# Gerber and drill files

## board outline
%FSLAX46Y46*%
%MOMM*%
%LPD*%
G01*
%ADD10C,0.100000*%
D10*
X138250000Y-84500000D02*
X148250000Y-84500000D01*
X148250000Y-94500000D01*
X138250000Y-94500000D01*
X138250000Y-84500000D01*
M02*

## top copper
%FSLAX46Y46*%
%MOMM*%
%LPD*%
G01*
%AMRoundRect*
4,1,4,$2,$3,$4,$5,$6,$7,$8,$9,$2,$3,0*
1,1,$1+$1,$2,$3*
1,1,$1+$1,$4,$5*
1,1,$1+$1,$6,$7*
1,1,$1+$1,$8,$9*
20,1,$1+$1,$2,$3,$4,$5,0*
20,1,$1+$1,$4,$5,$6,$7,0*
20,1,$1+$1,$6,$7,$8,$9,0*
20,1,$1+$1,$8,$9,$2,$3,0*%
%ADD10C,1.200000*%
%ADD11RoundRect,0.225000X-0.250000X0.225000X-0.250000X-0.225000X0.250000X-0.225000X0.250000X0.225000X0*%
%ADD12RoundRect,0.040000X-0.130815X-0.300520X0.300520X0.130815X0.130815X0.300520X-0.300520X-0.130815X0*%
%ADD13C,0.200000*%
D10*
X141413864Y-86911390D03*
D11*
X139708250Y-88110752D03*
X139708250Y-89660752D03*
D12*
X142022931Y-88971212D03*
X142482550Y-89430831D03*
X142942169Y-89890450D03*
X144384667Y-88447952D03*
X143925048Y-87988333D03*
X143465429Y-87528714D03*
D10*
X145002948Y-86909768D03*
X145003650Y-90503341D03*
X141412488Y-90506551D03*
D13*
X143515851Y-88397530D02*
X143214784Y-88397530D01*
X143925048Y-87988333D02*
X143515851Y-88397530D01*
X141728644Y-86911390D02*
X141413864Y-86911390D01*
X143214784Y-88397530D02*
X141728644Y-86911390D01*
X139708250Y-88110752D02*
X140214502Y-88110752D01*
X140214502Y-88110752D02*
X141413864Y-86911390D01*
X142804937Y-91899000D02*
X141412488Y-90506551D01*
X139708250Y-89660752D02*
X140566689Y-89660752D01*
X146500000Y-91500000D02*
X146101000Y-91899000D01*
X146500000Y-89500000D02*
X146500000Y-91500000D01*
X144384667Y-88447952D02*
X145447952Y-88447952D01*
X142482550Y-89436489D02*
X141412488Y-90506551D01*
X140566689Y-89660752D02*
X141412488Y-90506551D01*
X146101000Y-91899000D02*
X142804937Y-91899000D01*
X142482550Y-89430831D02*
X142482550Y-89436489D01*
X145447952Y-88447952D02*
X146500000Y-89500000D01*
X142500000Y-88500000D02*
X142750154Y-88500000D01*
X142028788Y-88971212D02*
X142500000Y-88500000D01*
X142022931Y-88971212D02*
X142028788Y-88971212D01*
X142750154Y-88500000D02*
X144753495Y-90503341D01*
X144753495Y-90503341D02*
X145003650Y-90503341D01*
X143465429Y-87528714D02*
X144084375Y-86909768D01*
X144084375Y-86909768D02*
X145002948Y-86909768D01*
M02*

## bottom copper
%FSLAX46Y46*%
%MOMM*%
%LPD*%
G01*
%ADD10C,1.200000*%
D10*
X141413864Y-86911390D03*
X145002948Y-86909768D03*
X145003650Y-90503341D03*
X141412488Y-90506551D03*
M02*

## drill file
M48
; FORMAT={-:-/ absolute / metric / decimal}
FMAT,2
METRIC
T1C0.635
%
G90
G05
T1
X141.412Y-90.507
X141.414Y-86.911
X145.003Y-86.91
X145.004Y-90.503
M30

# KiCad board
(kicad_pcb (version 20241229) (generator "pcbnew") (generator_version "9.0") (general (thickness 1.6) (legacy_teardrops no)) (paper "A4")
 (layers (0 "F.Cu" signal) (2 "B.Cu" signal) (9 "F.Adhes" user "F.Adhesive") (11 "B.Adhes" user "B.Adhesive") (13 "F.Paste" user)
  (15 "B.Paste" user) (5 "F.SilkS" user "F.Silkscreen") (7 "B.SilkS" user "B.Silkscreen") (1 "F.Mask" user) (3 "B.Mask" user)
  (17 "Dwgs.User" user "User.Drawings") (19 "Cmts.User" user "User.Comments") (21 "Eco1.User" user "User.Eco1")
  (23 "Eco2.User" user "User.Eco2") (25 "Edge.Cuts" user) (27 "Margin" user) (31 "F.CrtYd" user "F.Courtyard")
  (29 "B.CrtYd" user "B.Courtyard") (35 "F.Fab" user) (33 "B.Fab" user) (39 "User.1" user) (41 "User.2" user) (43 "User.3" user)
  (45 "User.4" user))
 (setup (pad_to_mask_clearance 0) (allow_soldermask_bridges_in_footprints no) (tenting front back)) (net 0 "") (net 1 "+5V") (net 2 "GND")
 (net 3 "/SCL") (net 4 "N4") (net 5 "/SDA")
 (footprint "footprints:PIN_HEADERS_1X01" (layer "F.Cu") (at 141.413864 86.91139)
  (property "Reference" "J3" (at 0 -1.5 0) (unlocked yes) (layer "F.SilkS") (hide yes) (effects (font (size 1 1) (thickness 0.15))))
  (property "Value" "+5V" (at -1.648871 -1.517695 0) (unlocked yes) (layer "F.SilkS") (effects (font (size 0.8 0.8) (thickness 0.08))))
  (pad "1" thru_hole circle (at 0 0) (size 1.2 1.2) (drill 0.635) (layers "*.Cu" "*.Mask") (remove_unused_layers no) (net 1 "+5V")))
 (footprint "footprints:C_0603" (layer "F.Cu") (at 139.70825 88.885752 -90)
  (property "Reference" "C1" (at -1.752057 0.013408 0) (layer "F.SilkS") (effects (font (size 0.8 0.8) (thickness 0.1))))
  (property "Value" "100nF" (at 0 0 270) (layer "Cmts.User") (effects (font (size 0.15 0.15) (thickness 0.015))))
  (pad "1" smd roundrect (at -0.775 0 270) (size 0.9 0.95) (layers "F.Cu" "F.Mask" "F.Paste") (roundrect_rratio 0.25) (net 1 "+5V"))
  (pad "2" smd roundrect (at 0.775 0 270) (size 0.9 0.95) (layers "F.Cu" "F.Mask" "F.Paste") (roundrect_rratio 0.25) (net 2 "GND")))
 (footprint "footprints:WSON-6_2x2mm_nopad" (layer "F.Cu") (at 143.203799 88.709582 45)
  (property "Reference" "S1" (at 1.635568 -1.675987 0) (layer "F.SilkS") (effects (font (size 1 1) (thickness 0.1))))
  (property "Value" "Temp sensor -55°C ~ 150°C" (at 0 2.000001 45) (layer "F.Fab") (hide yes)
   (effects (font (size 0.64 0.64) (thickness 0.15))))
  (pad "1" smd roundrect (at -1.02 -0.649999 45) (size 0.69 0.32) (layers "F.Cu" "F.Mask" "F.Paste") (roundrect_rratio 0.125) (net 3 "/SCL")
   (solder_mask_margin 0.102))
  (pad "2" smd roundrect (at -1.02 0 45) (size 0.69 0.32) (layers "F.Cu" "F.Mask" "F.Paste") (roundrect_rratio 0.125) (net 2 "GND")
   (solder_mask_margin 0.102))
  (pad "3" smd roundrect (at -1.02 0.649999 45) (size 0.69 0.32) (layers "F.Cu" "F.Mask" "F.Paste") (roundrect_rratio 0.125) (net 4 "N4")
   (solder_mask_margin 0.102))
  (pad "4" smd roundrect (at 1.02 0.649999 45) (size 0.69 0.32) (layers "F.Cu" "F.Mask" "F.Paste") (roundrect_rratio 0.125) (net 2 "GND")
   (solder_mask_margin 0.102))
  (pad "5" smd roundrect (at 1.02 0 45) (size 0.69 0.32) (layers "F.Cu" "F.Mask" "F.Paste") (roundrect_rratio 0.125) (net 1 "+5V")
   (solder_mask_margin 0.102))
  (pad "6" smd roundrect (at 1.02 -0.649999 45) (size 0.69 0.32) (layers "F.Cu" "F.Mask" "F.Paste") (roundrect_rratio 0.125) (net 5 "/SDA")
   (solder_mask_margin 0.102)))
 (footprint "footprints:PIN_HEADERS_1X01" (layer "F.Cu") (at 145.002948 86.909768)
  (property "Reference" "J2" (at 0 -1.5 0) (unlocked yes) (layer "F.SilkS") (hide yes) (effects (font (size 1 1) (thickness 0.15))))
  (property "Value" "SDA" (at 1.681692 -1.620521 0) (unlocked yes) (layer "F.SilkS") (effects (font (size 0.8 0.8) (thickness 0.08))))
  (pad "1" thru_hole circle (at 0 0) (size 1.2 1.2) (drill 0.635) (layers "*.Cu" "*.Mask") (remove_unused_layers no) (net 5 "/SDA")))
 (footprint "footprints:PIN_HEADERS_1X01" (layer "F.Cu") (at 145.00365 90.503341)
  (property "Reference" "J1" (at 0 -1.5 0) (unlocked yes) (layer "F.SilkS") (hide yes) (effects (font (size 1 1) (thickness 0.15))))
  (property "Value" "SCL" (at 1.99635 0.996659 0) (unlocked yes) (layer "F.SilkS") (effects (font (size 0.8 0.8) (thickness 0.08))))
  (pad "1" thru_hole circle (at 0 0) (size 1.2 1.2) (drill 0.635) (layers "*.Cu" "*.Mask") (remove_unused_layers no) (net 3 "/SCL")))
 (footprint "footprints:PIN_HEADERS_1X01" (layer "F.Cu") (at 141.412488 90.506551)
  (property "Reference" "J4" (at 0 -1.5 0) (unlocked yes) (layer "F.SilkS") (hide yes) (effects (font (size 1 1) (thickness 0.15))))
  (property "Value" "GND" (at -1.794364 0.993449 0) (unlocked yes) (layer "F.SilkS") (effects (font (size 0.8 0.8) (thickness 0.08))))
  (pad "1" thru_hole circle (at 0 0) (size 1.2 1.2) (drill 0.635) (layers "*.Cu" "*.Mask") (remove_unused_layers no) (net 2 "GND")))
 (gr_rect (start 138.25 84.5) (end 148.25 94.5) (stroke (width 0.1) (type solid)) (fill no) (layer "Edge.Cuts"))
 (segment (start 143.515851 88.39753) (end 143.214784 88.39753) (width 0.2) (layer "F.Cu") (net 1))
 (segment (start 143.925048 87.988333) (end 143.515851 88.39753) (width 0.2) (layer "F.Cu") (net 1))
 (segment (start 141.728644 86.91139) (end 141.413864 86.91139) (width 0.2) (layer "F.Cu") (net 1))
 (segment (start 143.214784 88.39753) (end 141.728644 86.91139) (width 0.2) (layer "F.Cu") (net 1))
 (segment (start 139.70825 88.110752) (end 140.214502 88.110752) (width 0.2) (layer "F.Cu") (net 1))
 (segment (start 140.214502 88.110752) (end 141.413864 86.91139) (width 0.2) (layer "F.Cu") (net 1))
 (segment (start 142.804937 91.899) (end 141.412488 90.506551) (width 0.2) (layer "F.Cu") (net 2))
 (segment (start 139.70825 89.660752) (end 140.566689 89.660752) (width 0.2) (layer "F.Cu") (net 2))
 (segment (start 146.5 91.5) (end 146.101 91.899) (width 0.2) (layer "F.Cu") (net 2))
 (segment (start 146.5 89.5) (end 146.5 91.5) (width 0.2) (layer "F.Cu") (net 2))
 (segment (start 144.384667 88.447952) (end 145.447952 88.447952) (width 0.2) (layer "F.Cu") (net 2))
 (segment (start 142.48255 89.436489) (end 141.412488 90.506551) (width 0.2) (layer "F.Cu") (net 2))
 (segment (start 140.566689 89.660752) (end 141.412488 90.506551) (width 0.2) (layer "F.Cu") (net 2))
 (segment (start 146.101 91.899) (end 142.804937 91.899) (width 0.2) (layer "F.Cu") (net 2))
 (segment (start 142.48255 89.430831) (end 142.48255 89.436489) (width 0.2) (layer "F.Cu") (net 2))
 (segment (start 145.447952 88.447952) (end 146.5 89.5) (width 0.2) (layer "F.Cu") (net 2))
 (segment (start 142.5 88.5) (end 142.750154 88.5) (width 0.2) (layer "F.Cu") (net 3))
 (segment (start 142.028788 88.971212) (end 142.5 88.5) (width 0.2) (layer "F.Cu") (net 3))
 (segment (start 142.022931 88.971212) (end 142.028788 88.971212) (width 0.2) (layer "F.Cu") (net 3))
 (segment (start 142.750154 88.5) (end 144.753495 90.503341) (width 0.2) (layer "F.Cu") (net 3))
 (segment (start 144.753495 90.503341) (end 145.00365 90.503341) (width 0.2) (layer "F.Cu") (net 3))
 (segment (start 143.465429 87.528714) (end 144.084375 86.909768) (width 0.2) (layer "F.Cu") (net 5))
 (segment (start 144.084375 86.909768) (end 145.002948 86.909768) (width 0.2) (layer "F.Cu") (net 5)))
───
**Exercise objective:**
Start at the first line of the entries and stop at the line with "X142022931Y-88971212D02*". Retype each of those lines exactly, both ends included.

**Response for this exercise:**
# Gerber and drill files

## board outline
%FSLAX46Y46*%
%MOMM*%
%LPD*%
G01*
%ADD10C,0.100000*%
D10*
X138250000Y-84500000D02*
X148250000Y-84500000D01*
X148250000Y-94500000D01*
X138250000Y-94500000D01*
X138250000Y-84500000D01*
M02*

## top copper
%FSLAX46Y46*%
%MOMM*%
%LPD*%
G01*
%AMRoundRect*
4,1,4,$2,$3,$4,$5,$6,$7,$8,$9,$2,$3,0*
1,1,$1+$1,$2,$3*
1,1,$1+$1,$4,$5*
1,1,$1+$1,$6,$7*
1,1,$1+$1,$8,$9*
20,1,$1+$1,$2,$3,$4,$5,0*
20,1,$1+$1,$4,$5,$6,$7,0*
20,1,$1+$1,$6,$7,$8,$9,0*
20,1,$1+$1,$8,$9,$2,$3,0*%
%ADD10C,1.200000*%
%ADD11RoundRect,0.225000X-0.250000X0.225000X-0.250000X-0.225000X0.250000X-0.225000X0.250000X0.225000X0*%
%ADD12RoundRect,0.040000X-0.130815X-0.300520X0.300520X0.130815X0.130815X0.300520X-0.300520X-0.130815X0*%
%ADD13C,0.200000*%
D10*
X141413864Y-86911390D03*
D11*
X139708250Y-88110752D03*
X139708250Y-89660752D03*
D12*
X142022931Y-88971212D03*
X142482550Y-89430831D03*
X142942169Y-89890450D03*
X144384667Y-88447952D03*
X143925048Y-87988333D03*
X143465429Y-87528714D03*
D10*
X145002948Y-86909768D03*
X145003650Y-90503341D03*
X141412488Y-90506551D03*
D13*
X143515851Y-88397530D02*
X143214784Y-88397530D01*
X143925048Y-87988333D02*
X143515851Y-88397530D01*
X141728644Y-86911390D02*
X141413864Y-86911390D01*
X143214784Y-88397530D02*
X141728644Y-86911390D01*
X139708250Y-88110752D02*
X140214502Y-88110752D01*
X140214502Y-88110752D02*
X141413864Y-86911390D01*
X142804937Y-91899000D02*
X141412488Y-90506551D01*
X139708250Y-89660752D02*
X140566689Y-89660752D01*
X146500000Y-91500000D02*
X146101000Y-91899000D01*
X146500000Y-89500000D02*
X146500000Y-91500000D01*
X144384667Y-88447952D02*
X145447952Y-88447952D01*
X142482550Y-89436489D02*
X141412488Y-90506551D01*
X140566689Y-89660752D02*
X141412488Y-90506551D01*
X146101000Y-91899000D02*
X142804937Y-91899000D01*
X142482550Y-89430831D02*
X142482550Y-89436489D01*
X145447952Y-88447952D02*
X146500000Y-89500000D01*
X142500000Y-88500000D02*
X142750154Y-88500000D01*
X142028788Y-88971212D02*
X142500000Y-88500000D01*
X142022931Y-88971212D02*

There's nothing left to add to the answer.